Um simples sismo de 3.7 perto de Nápoles fez um morto e colapsaram vários edifícios... o que seria se fosse um sismo grande?

Magnitude    3.7
Region    TYRRHENIAN SEA
Date time    2017-08-21 18:57:50.7 UTC
Location    40.69 N ; 13.85 E
Depth    1 km
Macroseismic
Intensity     IV Effects: Largely Observed 
https://m.emsc.eu/earthquake/earthquake.php?evid=613274


----------



## luismeteo3 (21 Ago 2017 às 22:20)

*Gregor Peter*‏@L0gg0l 10 minHá 10 minutos
Very shallow M3.6 quake hits Ischia island near, a popular resort near Naples, Italy. (pic: @naenzo)
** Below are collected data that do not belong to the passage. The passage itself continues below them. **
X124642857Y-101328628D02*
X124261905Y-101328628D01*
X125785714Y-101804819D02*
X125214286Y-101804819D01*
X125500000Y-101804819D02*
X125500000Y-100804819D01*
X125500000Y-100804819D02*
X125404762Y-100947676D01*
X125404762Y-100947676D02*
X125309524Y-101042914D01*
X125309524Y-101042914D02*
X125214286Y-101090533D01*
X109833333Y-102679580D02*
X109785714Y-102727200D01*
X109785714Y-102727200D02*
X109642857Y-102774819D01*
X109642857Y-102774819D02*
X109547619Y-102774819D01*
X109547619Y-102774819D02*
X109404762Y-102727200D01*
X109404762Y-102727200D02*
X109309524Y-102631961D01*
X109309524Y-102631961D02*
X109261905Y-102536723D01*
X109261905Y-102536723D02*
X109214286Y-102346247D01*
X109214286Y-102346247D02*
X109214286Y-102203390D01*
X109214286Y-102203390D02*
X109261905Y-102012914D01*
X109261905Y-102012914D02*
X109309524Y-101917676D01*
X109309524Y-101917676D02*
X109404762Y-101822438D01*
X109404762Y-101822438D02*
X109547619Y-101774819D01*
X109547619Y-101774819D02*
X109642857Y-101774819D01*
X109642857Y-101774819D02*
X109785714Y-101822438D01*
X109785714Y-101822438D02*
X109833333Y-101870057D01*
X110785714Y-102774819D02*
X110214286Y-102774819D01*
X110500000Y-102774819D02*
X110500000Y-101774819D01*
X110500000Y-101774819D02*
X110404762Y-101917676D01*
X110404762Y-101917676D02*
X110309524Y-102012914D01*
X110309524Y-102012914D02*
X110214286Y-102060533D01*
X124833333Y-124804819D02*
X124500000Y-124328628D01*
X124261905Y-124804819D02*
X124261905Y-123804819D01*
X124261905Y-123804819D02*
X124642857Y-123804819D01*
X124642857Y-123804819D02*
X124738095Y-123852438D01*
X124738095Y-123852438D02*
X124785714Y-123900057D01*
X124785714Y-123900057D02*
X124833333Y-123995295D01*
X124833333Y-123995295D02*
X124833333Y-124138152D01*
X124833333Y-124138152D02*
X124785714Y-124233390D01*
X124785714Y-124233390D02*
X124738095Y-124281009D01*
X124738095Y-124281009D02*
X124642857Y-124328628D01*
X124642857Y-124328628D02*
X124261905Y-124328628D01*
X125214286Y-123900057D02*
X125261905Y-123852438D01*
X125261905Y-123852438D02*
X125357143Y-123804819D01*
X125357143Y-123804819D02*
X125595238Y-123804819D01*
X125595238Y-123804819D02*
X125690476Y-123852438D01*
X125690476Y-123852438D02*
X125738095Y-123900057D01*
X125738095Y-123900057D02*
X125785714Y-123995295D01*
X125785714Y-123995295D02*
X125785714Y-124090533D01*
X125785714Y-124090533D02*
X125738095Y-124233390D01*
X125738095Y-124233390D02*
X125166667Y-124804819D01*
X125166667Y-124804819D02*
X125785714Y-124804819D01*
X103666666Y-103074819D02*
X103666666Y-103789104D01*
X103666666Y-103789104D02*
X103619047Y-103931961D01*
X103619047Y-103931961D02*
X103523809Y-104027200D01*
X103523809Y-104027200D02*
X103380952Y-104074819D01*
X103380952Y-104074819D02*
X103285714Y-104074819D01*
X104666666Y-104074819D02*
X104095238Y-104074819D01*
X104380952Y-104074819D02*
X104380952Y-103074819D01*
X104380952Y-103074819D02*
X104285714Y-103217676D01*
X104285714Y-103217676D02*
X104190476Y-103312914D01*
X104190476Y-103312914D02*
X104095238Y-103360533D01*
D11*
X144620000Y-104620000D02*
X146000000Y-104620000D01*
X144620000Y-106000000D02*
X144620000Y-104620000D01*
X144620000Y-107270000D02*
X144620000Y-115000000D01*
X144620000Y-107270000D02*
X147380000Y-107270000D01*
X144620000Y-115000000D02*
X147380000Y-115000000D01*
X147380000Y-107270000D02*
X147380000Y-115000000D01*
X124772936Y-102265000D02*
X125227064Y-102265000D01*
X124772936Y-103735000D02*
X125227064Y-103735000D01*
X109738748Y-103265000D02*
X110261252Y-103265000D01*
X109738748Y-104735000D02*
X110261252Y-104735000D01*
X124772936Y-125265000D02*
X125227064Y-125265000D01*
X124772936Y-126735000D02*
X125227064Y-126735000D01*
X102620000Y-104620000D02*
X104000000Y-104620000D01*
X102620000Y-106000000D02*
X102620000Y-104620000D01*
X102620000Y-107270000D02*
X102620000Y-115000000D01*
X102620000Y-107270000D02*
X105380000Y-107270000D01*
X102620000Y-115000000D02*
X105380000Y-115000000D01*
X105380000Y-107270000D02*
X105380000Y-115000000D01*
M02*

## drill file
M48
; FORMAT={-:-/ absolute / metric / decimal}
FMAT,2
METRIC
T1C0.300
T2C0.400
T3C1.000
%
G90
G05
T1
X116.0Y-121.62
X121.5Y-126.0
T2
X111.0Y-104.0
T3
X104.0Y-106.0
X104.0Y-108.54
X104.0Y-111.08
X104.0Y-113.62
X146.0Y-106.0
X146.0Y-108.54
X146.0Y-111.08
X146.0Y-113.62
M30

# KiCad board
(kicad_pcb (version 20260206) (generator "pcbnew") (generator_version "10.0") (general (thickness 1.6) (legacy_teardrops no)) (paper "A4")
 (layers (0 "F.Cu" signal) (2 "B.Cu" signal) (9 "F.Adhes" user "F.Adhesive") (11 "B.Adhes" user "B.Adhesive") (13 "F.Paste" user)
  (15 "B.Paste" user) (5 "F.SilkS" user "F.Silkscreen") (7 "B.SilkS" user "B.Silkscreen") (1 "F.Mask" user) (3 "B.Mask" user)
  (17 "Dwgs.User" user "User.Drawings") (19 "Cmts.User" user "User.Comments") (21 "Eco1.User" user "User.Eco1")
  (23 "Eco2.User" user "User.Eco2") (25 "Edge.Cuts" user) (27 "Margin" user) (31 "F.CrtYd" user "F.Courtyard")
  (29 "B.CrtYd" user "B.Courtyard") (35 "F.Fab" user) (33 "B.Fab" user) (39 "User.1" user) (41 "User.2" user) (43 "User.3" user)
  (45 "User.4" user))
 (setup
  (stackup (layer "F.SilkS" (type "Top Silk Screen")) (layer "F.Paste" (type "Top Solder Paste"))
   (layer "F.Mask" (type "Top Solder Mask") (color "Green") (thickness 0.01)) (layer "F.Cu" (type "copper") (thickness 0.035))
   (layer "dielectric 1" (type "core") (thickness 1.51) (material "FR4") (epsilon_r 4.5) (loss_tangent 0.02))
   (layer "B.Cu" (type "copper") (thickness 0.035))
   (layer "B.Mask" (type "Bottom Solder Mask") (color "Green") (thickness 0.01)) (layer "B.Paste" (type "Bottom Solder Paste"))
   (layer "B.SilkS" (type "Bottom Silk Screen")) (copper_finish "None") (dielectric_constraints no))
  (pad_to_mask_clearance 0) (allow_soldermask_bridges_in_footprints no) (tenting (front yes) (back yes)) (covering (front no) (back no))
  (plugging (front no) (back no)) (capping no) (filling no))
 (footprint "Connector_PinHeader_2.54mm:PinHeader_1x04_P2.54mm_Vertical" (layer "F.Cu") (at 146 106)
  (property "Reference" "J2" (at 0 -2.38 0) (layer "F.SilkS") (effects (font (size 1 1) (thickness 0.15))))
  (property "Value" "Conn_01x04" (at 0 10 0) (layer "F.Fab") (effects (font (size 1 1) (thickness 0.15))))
0 resposta0 retweet1 curtiu


*Gregor Peter*‏@L0gg0l 14 minHá 14 minutos
AT LEAST 1 DEAD AFTER EARTHQUAKE NEAR NAPLES, ITALY -- RAI24


----------



## Agreste (21 Ago 2017 às 22:25)

este sismo em itália e as imagens que chegam são uma vergonha... é um sismo banal como muitos que temos cá.
incrível o que estamos a ver!

o sismo foi a 10km de profundidade... pelo menos é o que escreve o corriere.


----------



## luismeteo3 (22 Ago 2017 às 09:00)

Agreste disse:


> este sismo em itália e as imagens que chegam são uma vergonha... é um sismo banal como muitos que temos cá.
> incrível o que estamos a ver!
> 
> o sismo foi a 10km de profundidade... pelo menos é o que escreve o corriere.


Sim de facto até parece mentira. Já há 2 mortos, vários desaparecidos e pelo menos uma localidade onde ainda não conseguiram chegar.


----------



## luismeteo3 (22 Ago 2017 às 09:19)

*Gregor Peter*‏@L0gg0l 11 hHá 11 horas

Em resposta a @L0gg0l @naenzo
Quake has been upgraded to M.4.4


----------



## MSantos (22 Ago 2017 às 10:21)

luismeteo3 disse:


> Sim de facto até parece mentira. Já há 2 mortos, vários desaparecidos e pelo menos uma localidade onde ainda não conseguiram chegar.



Como é que um sismo com um intensidade destas pode provocar tanto estrago?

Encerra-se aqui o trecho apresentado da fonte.